# Sulcata eating eco earth....?



## Zepherrayne (Aug 20, 2012)

Recently changed substrate to Eco-earth coconut fiber and he is now eating it. Is this a problem? I mean he is not munching handfuls of it but he is nibbling on it here and then. He is about 4 months old. Any insight is appreciated.

Darren


----------



## Tom (Aug 20, 2012)

Sometimes they like to test new stuff. Make sure you aren't using any colored bulbs, like red or blue, as those tend to make it worse.

I would also put out two or three trays of their favorite foods. I they have a full tummy, they are less likely to sample other things. Mazuri often helps this too. If they keep bumping into food trays everywhere they turn, they will be less likely to wanna eat the substrate.

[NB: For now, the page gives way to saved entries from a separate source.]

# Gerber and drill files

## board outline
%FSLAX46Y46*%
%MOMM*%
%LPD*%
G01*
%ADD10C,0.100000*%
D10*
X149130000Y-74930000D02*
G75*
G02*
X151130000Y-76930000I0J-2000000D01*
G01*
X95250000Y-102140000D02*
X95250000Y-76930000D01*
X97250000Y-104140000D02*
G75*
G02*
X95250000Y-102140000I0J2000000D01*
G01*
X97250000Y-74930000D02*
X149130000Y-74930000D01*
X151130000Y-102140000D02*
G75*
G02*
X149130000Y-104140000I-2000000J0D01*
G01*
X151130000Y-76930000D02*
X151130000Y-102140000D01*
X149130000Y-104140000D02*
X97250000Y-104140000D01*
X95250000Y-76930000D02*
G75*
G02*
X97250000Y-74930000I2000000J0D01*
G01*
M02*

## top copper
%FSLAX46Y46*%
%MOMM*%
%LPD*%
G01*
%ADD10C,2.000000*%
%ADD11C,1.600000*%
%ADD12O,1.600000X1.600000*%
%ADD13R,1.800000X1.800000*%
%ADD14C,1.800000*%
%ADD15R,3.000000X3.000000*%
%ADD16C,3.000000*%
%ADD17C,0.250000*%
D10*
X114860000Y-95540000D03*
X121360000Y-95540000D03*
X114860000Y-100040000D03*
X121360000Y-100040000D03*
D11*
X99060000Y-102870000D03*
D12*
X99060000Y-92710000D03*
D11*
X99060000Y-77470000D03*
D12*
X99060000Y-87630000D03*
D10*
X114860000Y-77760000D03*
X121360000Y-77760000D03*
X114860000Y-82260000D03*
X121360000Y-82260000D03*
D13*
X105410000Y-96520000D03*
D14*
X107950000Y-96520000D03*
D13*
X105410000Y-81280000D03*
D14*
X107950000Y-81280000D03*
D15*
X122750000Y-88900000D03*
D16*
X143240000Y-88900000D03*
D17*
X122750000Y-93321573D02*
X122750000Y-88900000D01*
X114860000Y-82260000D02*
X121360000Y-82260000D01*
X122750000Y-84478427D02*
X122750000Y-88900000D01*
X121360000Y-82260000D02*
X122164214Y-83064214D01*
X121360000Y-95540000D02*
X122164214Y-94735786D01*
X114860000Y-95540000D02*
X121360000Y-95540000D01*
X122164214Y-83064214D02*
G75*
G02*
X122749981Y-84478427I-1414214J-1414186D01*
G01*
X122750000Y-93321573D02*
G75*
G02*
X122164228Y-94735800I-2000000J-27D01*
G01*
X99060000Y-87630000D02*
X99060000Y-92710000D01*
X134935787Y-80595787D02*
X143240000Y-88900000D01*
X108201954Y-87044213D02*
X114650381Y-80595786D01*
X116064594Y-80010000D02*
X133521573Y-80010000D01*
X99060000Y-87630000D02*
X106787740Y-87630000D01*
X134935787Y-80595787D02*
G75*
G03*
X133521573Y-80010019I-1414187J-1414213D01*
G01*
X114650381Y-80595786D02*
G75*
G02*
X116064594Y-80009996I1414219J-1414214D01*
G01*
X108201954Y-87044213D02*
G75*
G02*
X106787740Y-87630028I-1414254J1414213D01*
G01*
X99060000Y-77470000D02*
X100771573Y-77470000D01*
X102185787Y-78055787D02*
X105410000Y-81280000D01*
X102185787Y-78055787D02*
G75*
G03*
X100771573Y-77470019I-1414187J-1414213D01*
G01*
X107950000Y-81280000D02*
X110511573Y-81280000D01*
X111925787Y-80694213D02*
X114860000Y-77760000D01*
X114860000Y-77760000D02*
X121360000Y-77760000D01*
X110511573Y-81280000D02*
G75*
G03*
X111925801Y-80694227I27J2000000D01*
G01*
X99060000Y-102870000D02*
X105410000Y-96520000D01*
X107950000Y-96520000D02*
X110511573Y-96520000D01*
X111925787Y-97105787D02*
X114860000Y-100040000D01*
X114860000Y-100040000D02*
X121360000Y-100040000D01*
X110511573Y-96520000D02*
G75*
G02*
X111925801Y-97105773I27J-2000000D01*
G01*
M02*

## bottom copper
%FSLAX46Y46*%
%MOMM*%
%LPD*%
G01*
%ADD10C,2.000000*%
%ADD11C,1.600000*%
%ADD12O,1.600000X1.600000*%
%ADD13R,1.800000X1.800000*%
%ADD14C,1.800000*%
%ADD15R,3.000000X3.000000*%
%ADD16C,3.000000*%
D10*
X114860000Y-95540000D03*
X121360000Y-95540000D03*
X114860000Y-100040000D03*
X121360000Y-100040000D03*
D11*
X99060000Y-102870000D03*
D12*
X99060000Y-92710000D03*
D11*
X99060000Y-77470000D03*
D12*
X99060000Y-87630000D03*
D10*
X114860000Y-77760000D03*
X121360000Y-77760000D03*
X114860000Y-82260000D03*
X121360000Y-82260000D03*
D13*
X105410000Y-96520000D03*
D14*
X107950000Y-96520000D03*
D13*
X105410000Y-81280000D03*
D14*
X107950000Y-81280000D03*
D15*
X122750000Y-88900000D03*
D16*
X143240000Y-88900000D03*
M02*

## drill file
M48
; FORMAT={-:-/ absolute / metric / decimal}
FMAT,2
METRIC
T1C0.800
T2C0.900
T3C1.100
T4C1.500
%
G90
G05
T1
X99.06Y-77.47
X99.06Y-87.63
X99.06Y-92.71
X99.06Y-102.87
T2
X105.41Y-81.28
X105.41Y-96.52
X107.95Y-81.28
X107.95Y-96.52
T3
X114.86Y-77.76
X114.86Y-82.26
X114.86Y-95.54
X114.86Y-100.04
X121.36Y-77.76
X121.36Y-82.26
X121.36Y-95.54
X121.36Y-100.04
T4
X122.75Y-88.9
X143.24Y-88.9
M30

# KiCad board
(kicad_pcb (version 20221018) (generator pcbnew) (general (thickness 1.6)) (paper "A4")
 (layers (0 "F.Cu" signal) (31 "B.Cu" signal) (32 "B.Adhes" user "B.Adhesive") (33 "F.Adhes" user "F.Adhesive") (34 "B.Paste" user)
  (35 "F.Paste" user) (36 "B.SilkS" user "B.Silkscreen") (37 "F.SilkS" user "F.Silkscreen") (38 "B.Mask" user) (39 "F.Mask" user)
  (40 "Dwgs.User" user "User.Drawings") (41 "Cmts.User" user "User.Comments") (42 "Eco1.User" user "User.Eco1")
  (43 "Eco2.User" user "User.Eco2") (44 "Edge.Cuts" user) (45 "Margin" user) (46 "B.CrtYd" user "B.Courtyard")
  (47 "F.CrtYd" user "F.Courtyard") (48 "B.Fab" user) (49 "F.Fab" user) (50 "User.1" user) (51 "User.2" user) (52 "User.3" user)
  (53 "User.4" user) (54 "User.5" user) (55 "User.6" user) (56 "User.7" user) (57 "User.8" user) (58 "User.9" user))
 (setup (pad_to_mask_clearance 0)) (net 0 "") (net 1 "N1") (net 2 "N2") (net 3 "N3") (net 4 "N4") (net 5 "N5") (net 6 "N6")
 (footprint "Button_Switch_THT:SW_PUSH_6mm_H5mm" (layer "F.Cu") (at 114.86 95.54)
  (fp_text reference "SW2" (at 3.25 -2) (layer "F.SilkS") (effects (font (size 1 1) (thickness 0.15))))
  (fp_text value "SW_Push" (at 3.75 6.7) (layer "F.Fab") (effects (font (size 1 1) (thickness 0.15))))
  (pad "1" thru_hole circle (at 0 0 90) (size 2 2) (drill 1.1) (layers "*.Cu" "*.Mask") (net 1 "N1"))
  (pad "1" thru_hole circle (at 6.5 0 90) (size 2 2) (drill 1.1) (layers "*.Cu" "*.Mask") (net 1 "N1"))
  (pad "2" thru_hole circle (at 0 4.5 90) (size 2 2) (drill 1.1) (layers "*.Cu" "*.Mask") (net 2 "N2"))
  (pad "2" thru_hole circle (at 6.5 4.5 90) (size 2 2) (drill 1.1) (layers "*.Cu" "*.Mask") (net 2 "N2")))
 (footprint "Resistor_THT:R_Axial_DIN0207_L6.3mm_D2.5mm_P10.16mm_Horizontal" (layer "F.Cu") (at 99.06 102.87 90)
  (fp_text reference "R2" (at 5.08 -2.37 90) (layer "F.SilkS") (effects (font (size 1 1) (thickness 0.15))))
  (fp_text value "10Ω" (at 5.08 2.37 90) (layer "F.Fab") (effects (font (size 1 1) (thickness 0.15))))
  (pad "1" thru_hole circle (at 0 0 90) (size 1.6 1.6) (drill 0.8) (layers "*.Cu" "*.Mask") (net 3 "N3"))
  (pad "2" thru_hole oval (at 10.16 0 90) (size 1.6 1.6) (drill 0.8) (layers "*.Cu" "*.Mask") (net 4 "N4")))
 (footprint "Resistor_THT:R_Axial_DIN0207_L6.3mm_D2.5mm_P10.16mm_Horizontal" (layer "F.Cu") (at 99.06 77.47 -90)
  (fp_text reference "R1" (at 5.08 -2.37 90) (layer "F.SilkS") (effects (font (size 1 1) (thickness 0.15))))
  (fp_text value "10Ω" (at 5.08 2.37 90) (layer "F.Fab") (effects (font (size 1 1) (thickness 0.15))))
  (pad "1" thru_hole circle (at 0 0 270) (size 1.6 1.6) (drill 0.8) (layers "*.Cu" "*.Mask") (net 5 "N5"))
  (pad "2" thru_hole oval (at 10.16 0 270) (size 1.6 1.6) (drill 0.8) (layers "*.Cu" "*.Mask") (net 4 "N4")))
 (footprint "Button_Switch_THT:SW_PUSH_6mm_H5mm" (layer "F.Cu") (at 114.86 77.76)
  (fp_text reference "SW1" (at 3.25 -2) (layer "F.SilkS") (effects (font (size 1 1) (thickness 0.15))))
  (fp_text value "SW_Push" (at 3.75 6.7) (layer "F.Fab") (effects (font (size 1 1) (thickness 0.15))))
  (pad "1" thru_hole circle (at 0 0 90) (size 2 2) (drill 1.1) (layers "*.Cu" "*.Mask") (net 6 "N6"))
  (pad "1" thru_hole circle (at 6.5 0 90) (size 2 2) (drill 1.1) (layers "*.Cu" "*.Mask") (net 6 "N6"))
  (pad "2" thru_hole circle (at 0 4.5 90) (size 2 2) (drill 1.1) (layers "*.Cu" "*.Mask") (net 1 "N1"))
  (pad "2" thru_hole circle (at 6.5 4.5 90) (size 2 2) (drill 1.1) (layers "*.Cu" "*.Mask") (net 1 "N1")))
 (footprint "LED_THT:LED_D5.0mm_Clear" (layer "F.Cu") (at 105.41 96.52)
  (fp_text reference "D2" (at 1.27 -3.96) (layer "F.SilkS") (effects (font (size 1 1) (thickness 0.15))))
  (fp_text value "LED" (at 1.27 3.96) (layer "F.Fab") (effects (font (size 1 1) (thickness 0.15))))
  (pad "1" thru_hole rect (at 0 0) (size 1.8 1.8) (drill 0.9) (layers "*.Cu" "*.Mask") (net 3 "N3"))
  (pad "2" thru_hole circle (at 2.54 0) (size 1.8 1.8) (drill 0.9) (layers "*.Cu" "*.Mask") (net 2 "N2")))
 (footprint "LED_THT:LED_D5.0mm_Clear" (layer "F.Cu") (at 105.41 81.28)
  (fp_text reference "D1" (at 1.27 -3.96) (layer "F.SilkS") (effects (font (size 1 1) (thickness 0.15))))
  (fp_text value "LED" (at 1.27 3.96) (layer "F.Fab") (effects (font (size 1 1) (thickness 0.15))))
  (pad "1" thru_hole rect (at 0 0) (size 1.8 1.8) (drill 0.9) (layers "*.Cu" "*.Mask") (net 5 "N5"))
  (pad "2" thru_hole circle (at 2.54 0) (size 1.8 1.8) (drill 0.9) (layers "*.Cu" "*.Mask") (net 6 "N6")))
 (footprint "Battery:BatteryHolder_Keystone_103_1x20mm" (layer "F.Cu") (at 122.75 88.9)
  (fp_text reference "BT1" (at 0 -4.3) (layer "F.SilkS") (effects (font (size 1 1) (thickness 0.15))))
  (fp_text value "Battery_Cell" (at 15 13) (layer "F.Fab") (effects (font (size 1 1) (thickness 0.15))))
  (pad "1" thru_hole rect (at 0 0) (size 3 3) (drill 1.5) (layers "*.Cu" "*.Mask") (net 1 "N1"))
  (pad "2" thru_hole circle (at 20.49 0) (size 3 3) (drill 1.5) (layers "*.Cu" "*.Mask") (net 4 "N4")))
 (gr_arc (start 149.13 74.93) (mid 150.544214 75.515786) (end 151.13 76.93) (stroke (width 0.1) (type default)) (layer "Edge.Cuts"))
 (gr_line (start 95.25 102.14) (end 95.25 76.93) (stroke (width 0.1) (type default)) (layer "Edge.Cuts"))
 (gr_arc (start 97.25 104.14) (mid 95.835786 103.554214) (end 95.25 102.14) (stroke (width 0.1) (type default)) (layer "Edge.Cuts"))
 (gr_line (start 97.25 74.93) (end 149.13 74.93) (stroke (width 0.1) (type default)) (layer "Edge.Cuts"))
 (gr_arc (start 151.13 102.14) (mid 150.544214 103.554214) (end 149.13 104.14) (stroke (width 0.1) (type default)) (layer "Edge.Cuts"))
 (gr_line (start 151.13 76.93) (end 151.13 102.14) (stroke (width 0.1) (type default)) (layer "Edge.Cuts"))
 (gr_line (start 149.13 104.14) (end 97.25 104.14) (stroke (width 0.1) (type default)) (layer "Edge.Cuts"))
 (gr_arc (start 95.25 76.93) (mid 95.835786 75.515786) (end 97.25 74.93) (stroke (width 0.1) (type default)) (layer "Edge.Cuts"))
 (segment (start 122.75 93.321573) (end 122.75 88.9) (width 0.25) (layer "F.Cu") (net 1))
 (segment (start 114.86 82.26) (end 121.36 82.26) (width 0.25) (layer "F.Cu") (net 1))
 (segment (start 122.75 84.478427) (end 122.75 88.9) (width 0.25) (layer "F.Cu") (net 1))
 (segment (start 121.36 82.26) (end 122.164214 83.064214) (width 0.25) (layer "F.Cu") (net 1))
 (segment (start 121.36 95.54) (end 122.164214 94.735786) (width 0.25) (layer "F.Cu") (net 1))
 (segment (start 114.86 95.54) (end 121.36 95.54) (width 0.25) (layer "F.Cu") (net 1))
 (arc (start 122.164214 83.064214) (mid 122.597759 83.71306) (end 122.75 84.478427) (width 0.25) (layer "F.Cu") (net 1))
 (arc (start 122.75 93.321573) (mid 122.597759 94.08694) (end 122.164214 94.735786) (width 0.25) (layer "F.Cu") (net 1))
 (segment (start 99.06 87.63) (end 99.06 92.71) (width 0.25) (layer "F.Cu") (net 4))
 (segment (start 134.935787 80.595787) (end 143.24 88.9) (width 0.25) (layer "F.Cu") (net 4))
 (segment (start 108.201954 87.044213) (end 114.650381 80.595786) (width 0.25) (layer "F.Cu") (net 4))
 (segment (start 116.064594 80.01) (end 133.521573 80.01) (width 0.25) (layer "F.Cu") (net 4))
 (segment (start 99.06 87.63) (end 106.78774 87.63) (width 0.25) (layer "F.Cu") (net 4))
 (arc (start 134.935787 80.595787) (mid 134.28694 80.162241) (end 133.521573 80.01) (width 0.25) (layer "F.Cu") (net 4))
 (arc (start 114.650381 80.595786) (mid 115.299227 80.162241) (end 116.064594 80.01) (width 0.25) (layer "F.Cu") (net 4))
 (arc (start 108.201954 87.044213) (mid 107.553107 87.477759) (end 106.78774 87.63) (width 0.25) (layer "F.Cu") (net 4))
 (segment (start 99.06 77.47) (end 100.771573 77.47) (width 0.25) (layer "F.Cu") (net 5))
 (segment (start 102.185787 78.055787) (end 105.41 81.28) (width 0.25) (layer "F.Cu") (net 5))
 (arc (start 102.185787 78.055787) (mid 101.53694 77.622241) (end 100.771573 77.47) (width 0.25) (layer "F.Cu") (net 5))
 (segment (start 107.95 81.28) (end 110.511573 81.28) (width 0.25) (layer "F.Cu") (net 6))
 (segment (start 111.925787 80.694213) (end 114.86 77.76) (width 0.25) (layer "F.Cu") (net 6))
 (segment (start 114.86 77.76) (end 121.36 77.76) (width 0.25) (layer "F.Cu") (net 6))
 (arc (start 110.511573 81.28) (mid 111.27694 81.127759) (end 111.925787 80.694213) (width 0.25) (layer "F.Cu") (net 6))
 (segment (start 99.06 102.87) (end 105.41 96.52) (width 0.25) (layer "F.Cu") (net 3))
 (segment (start 107.95 96.52) (end 110.511573 96.52) (width 0.25) (layer "F.Cu") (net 2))
 (segment (start 111.925787 97.105787) (end 114.86 100.04) (width 0.25) (layer "F.Cu") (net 2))
 (segment (start 114.86 100.04) (end 121.36 100.04) (width 0.25) (layer "F.Cu") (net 2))
 (arc (start 110.511573 96.52) (mid 111.27694 96.672241) (end 111.925787 97.105787) (width 0.25) (layer "F.Cu") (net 2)))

Last thing, make sure to do a good long soak everyday for a while to help everything pass through the GI tract.


----------



## Ethan D (Aug 20, 2012)

You know, quick ?, i have heard from many people that eco earth is non digestible for many reptiles ie; Burms, Chinese Water Dragons, Turtles Etc..... just wondering, bad advice or truth? Made me change some of my keeping habits.


----------



## Tom (Aug 20, 2012)

It is not "digestible", but the small particles usually pass right through with no problem. If a tortoise were to eat large quantities and not have access to water, then it could cause a blockage. While it is possible, I have never heard of a blockage with coco coir.


----------